There are a lot of chapters missing in parenting books, most notably “Daylight Savings Time: Your new arch nemesis.”
Until Junior, I had no idea I could be so passionately opposed to something as seemingly innocuous as changing the clock. Now I know: It’s the manmade evil that guarantees your child will wake an hour earlier.
I know everyone says your child will readjust to the time change and eventually get back on his or her previous schedule. But I’m not a gullible newbie anymore. I’ve got a year of practical experience under my belt. Junior didn’t readjust last year. I distinctly remember not only catching Krista Tippet’s broadcast every Sunday morning at 7 a.m., but having time to tailgate beforehand with coffee and Eggos (NPR, I swear our donation is coming).

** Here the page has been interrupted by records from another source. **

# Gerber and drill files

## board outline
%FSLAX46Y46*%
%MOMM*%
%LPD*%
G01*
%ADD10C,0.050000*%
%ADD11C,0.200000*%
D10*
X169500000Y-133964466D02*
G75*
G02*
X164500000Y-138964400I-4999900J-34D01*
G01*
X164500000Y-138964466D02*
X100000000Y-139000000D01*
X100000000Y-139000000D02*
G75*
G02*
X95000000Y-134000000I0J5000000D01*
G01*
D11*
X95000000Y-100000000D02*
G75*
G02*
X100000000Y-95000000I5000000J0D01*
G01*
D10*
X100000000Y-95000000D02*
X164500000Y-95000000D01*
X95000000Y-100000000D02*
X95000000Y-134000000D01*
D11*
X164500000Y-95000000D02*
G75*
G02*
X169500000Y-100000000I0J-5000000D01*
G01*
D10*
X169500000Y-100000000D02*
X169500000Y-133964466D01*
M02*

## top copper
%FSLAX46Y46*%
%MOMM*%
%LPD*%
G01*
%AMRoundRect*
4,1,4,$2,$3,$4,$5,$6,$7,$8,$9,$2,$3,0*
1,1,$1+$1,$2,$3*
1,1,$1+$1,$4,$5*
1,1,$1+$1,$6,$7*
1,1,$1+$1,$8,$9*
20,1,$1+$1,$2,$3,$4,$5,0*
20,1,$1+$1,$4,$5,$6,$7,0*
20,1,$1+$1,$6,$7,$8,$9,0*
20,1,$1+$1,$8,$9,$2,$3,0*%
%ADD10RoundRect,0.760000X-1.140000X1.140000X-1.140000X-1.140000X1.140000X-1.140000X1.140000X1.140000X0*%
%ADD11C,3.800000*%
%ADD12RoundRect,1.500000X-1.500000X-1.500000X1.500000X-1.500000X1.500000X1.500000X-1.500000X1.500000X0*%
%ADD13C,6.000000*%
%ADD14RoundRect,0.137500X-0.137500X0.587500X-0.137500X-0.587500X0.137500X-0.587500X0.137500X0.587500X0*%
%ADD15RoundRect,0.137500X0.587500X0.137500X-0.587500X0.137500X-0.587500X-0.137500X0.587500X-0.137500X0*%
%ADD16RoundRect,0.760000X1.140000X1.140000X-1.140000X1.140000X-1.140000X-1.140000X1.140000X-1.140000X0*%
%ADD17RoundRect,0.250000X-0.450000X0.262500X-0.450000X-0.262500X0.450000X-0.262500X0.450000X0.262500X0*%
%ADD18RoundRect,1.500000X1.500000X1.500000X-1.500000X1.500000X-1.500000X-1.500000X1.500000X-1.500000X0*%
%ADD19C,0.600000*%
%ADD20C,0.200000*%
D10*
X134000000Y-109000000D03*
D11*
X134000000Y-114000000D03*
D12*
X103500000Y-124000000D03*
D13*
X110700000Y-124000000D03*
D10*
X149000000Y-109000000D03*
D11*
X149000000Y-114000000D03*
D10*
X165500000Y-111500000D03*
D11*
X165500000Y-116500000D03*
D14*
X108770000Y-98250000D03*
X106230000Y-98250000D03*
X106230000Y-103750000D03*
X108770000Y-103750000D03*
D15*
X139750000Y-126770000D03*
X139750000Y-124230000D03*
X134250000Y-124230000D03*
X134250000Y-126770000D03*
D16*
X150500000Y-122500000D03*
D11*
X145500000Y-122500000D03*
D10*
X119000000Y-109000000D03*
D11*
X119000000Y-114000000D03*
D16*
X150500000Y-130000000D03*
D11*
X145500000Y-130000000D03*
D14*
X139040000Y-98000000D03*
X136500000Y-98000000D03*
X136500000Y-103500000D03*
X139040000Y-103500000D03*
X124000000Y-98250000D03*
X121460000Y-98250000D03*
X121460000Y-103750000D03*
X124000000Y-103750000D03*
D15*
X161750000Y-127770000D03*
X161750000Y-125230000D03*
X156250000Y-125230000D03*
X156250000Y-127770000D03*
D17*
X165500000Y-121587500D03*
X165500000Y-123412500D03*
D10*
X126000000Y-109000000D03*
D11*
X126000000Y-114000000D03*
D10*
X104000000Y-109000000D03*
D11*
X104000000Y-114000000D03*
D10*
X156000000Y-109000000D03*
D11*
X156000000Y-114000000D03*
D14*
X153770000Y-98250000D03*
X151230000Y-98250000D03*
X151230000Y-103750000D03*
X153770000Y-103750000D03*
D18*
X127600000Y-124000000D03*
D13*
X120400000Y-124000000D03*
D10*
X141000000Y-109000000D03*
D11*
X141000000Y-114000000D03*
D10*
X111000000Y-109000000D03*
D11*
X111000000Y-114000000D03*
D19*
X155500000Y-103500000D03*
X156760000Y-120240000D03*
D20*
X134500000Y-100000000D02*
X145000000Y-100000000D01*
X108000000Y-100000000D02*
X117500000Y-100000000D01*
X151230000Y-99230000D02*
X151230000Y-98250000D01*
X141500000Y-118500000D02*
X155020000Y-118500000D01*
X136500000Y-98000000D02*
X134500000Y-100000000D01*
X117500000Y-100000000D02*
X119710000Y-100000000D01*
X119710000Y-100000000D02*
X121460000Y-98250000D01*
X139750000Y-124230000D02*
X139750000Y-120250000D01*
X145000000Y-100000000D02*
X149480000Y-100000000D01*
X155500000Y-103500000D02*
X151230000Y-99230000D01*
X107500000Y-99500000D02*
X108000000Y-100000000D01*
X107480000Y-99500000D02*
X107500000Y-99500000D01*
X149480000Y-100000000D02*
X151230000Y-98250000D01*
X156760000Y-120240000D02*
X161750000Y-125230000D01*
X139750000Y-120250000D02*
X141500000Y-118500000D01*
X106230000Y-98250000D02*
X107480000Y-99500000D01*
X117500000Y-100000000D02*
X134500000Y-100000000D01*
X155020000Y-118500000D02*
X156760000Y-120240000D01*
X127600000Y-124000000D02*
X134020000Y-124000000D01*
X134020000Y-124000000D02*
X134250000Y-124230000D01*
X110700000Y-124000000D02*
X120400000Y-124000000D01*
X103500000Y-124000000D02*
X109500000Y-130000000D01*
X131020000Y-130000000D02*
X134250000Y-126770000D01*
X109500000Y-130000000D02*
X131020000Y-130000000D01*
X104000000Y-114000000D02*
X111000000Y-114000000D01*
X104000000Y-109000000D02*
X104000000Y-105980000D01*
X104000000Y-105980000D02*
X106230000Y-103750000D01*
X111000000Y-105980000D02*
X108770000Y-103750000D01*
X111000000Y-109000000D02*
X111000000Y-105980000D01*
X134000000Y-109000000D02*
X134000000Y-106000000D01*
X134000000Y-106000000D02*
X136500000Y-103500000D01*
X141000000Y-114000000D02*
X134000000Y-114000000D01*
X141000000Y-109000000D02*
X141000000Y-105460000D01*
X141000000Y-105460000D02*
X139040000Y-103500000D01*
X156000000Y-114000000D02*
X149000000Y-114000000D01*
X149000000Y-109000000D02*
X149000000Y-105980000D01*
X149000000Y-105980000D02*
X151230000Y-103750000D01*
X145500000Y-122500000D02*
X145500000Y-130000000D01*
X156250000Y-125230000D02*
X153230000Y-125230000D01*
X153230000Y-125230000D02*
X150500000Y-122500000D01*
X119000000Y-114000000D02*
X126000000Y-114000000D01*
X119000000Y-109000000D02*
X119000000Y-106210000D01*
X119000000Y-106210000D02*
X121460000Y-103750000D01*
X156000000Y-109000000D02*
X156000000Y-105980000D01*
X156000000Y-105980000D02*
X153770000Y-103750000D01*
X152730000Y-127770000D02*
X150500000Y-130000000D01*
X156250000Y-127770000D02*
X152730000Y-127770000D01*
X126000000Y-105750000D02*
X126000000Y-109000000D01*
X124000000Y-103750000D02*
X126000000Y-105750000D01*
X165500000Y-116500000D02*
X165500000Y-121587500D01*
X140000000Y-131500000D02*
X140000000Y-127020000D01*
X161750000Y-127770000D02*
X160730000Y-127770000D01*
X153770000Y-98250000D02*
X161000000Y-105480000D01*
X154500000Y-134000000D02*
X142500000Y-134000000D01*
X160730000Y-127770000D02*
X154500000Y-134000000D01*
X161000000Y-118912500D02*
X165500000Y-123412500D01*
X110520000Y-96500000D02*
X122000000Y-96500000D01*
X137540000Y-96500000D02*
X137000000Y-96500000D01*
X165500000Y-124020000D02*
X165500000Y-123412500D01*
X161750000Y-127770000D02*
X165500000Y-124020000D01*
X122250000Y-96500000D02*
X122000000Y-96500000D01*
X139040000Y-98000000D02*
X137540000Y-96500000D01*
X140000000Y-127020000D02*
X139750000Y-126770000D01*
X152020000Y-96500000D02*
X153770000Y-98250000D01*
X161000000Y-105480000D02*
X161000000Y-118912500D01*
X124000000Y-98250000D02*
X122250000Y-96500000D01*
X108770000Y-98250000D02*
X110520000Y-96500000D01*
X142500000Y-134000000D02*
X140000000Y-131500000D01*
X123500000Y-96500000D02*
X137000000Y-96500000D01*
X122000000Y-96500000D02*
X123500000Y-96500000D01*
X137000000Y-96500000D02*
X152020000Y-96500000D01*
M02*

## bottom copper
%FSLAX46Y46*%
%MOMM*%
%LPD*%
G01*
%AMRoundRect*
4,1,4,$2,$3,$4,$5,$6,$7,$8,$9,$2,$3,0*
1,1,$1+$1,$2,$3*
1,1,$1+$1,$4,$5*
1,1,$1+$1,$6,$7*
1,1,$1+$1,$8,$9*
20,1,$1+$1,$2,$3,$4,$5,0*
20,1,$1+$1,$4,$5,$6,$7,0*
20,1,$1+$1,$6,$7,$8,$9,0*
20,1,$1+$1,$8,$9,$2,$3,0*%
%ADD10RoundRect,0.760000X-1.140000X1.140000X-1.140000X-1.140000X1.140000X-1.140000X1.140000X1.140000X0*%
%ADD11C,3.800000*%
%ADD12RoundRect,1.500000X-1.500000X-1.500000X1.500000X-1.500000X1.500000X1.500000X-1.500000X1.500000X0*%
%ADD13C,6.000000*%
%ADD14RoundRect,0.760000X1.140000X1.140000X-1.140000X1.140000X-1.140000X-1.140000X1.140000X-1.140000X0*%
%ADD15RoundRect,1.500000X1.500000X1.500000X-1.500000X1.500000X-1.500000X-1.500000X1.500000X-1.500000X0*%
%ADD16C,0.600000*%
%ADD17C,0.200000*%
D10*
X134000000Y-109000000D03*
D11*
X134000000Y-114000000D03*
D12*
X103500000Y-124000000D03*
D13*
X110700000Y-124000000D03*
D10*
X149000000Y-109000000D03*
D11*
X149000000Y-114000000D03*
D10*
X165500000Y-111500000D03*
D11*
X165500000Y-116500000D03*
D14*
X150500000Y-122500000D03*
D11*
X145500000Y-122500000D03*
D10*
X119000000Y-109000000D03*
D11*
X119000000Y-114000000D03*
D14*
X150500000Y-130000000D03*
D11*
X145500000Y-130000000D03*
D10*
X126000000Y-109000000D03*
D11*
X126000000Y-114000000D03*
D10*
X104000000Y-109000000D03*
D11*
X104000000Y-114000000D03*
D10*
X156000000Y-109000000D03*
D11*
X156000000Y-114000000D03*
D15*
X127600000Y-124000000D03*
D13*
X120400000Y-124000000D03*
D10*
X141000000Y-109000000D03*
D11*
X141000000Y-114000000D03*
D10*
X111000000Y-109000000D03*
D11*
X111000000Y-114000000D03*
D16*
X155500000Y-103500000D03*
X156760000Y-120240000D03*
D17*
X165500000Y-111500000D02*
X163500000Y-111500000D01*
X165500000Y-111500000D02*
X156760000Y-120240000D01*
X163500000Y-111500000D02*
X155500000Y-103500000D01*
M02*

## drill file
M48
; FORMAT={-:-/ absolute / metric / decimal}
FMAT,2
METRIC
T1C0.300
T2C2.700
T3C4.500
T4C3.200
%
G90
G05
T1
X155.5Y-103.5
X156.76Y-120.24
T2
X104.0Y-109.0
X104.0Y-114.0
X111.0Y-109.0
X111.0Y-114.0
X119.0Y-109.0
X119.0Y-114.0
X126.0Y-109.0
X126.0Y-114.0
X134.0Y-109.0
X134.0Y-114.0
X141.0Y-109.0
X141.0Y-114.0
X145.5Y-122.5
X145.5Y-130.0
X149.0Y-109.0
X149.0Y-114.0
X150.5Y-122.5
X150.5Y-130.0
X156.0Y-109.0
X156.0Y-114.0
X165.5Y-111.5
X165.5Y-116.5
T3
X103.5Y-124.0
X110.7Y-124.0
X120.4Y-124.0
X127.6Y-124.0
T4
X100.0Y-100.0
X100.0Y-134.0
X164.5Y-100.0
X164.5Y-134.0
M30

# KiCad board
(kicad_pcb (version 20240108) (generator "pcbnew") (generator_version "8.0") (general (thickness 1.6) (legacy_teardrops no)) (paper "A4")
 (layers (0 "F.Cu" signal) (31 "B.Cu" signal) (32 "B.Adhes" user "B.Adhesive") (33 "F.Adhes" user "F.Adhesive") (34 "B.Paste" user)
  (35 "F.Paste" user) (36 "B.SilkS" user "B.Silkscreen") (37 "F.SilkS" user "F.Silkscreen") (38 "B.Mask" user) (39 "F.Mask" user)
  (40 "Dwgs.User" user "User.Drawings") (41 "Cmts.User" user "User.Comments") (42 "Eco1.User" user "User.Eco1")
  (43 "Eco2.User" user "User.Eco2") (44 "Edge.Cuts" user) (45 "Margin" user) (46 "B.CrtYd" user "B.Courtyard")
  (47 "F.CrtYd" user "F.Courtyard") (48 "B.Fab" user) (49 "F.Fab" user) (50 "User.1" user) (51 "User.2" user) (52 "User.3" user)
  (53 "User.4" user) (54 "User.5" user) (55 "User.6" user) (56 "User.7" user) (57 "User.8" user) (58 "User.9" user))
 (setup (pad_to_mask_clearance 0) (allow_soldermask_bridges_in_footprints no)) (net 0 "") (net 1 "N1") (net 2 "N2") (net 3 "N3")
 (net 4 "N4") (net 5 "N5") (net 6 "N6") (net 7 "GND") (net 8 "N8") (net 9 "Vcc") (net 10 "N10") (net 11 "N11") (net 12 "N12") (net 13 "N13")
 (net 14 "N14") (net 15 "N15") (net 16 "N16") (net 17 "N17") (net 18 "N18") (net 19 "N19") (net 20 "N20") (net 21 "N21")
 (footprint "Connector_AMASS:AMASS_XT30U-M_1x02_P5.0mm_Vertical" (layer "F.Cu") (at 134 109 -90)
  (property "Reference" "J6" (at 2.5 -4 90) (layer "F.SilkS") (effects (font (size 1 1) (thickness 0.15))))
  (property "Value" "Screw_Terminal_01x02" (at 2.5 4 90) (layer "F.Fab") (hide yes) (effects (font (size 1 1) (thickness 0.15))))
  (pad "1" thru_hole roundrect (at 0 0 270) (size 3.8 3.8) (drill 2.7) (layers "*.Cu" "*.Mask") (remove_unused_layers no)
   (roundrect_rratio 0.2) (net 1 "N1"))
  (pad "2" thru_hole circle (at 5 0 270) (size 3.8 3.8) (drill 2.7) (layers "*.Cu" "*.Mask") (remove_unused_layers no) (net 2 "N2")))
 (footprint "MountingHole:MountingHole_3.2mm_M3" (layer "F.Cu") (at 100 100)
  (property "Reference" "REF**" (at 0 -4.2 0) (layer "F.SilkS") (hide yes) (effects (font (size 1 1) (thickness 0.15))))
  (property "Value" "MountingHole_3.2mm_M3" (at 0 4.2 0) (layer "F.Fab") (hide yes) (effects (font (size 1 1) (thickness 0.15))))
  (pad "" np_thru_hole circle (at 0 0) (size 3.2 3.2) (drill 3.2) (layers "*.Cu" "*.Mask")))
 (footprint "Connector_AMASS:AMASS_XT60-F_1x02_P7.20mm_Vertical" (layer "F.Cu") (at 103.5 124)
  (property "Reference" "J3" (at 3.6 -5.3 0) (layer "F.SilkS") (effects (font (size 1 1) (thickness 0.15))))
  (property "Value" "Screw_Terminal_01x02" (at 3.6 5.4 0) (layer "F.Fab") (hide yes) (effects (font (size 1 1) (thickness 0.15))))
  (pad "1" thru_hole roundrect (at 0 0) (size 6 6) (drill 4.5) (layers "*.Cu" "*.Mask") (remove_unused_layers no) (roundrect_rratio 0.25)
   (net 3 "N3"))
  (pad "2" thru_hole circle (at 7.2 0) (size 6 6) (drill 4.5) (layers "*.Cu" "*.Mask") (remove_unused_layers no) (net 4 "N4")))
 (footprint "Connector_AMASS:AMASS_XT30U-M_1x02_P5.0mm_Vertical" (layer "F.Cu") (at 149 109 -90)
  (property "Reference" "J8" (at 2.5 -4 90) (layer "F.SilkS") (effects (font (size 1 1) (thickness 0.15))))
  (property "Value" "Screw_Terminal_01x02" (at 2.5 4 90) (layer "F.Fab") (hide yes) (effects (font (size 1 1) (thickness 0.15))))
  (pad "1" thru_hole roundrect (at 0 0 270) (size 3.8 3.8) (drill 2.7) (layers "*.Cu" "*.Mask") (remove_unused_layers no)
   (roundrect_rratio 0.2) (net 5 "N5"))
  (pad "2" thru_hole circle (at 5 0 270) (size 3.8 3.8) (drill 2.7) (layers "*.Cu" "*.Mask") (remove_unused_layers no) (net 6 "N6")))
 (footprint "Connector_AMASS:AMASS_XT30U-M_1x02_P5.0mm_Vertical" (layer "F.Cu") (at 165.5 111.5 -90)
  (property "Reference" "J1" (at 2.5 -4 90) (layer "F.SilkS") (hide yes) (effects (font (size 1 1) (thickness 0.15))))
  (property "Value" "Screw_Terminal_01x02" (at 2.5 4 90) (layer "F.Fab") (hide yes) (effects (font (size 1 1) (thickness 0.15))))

Of course back then, I was happy with six thirty. I was so sleep deprived I was appeased by the promise of consecutive sleep, never mind reaching for the heights of a late morning.
But now? Now I am greedy for sleep. And this morning, in what can only be described as a major big bitch slap from the Universe, Junior slept until eight. Glorious eight! He’s been sleeping later and later and I know—I know!—that that was just a taste of what’s to come.
What I wouldn’t give for a one-way trip to the Grand Canyon right now. The clocks there aren't fickle.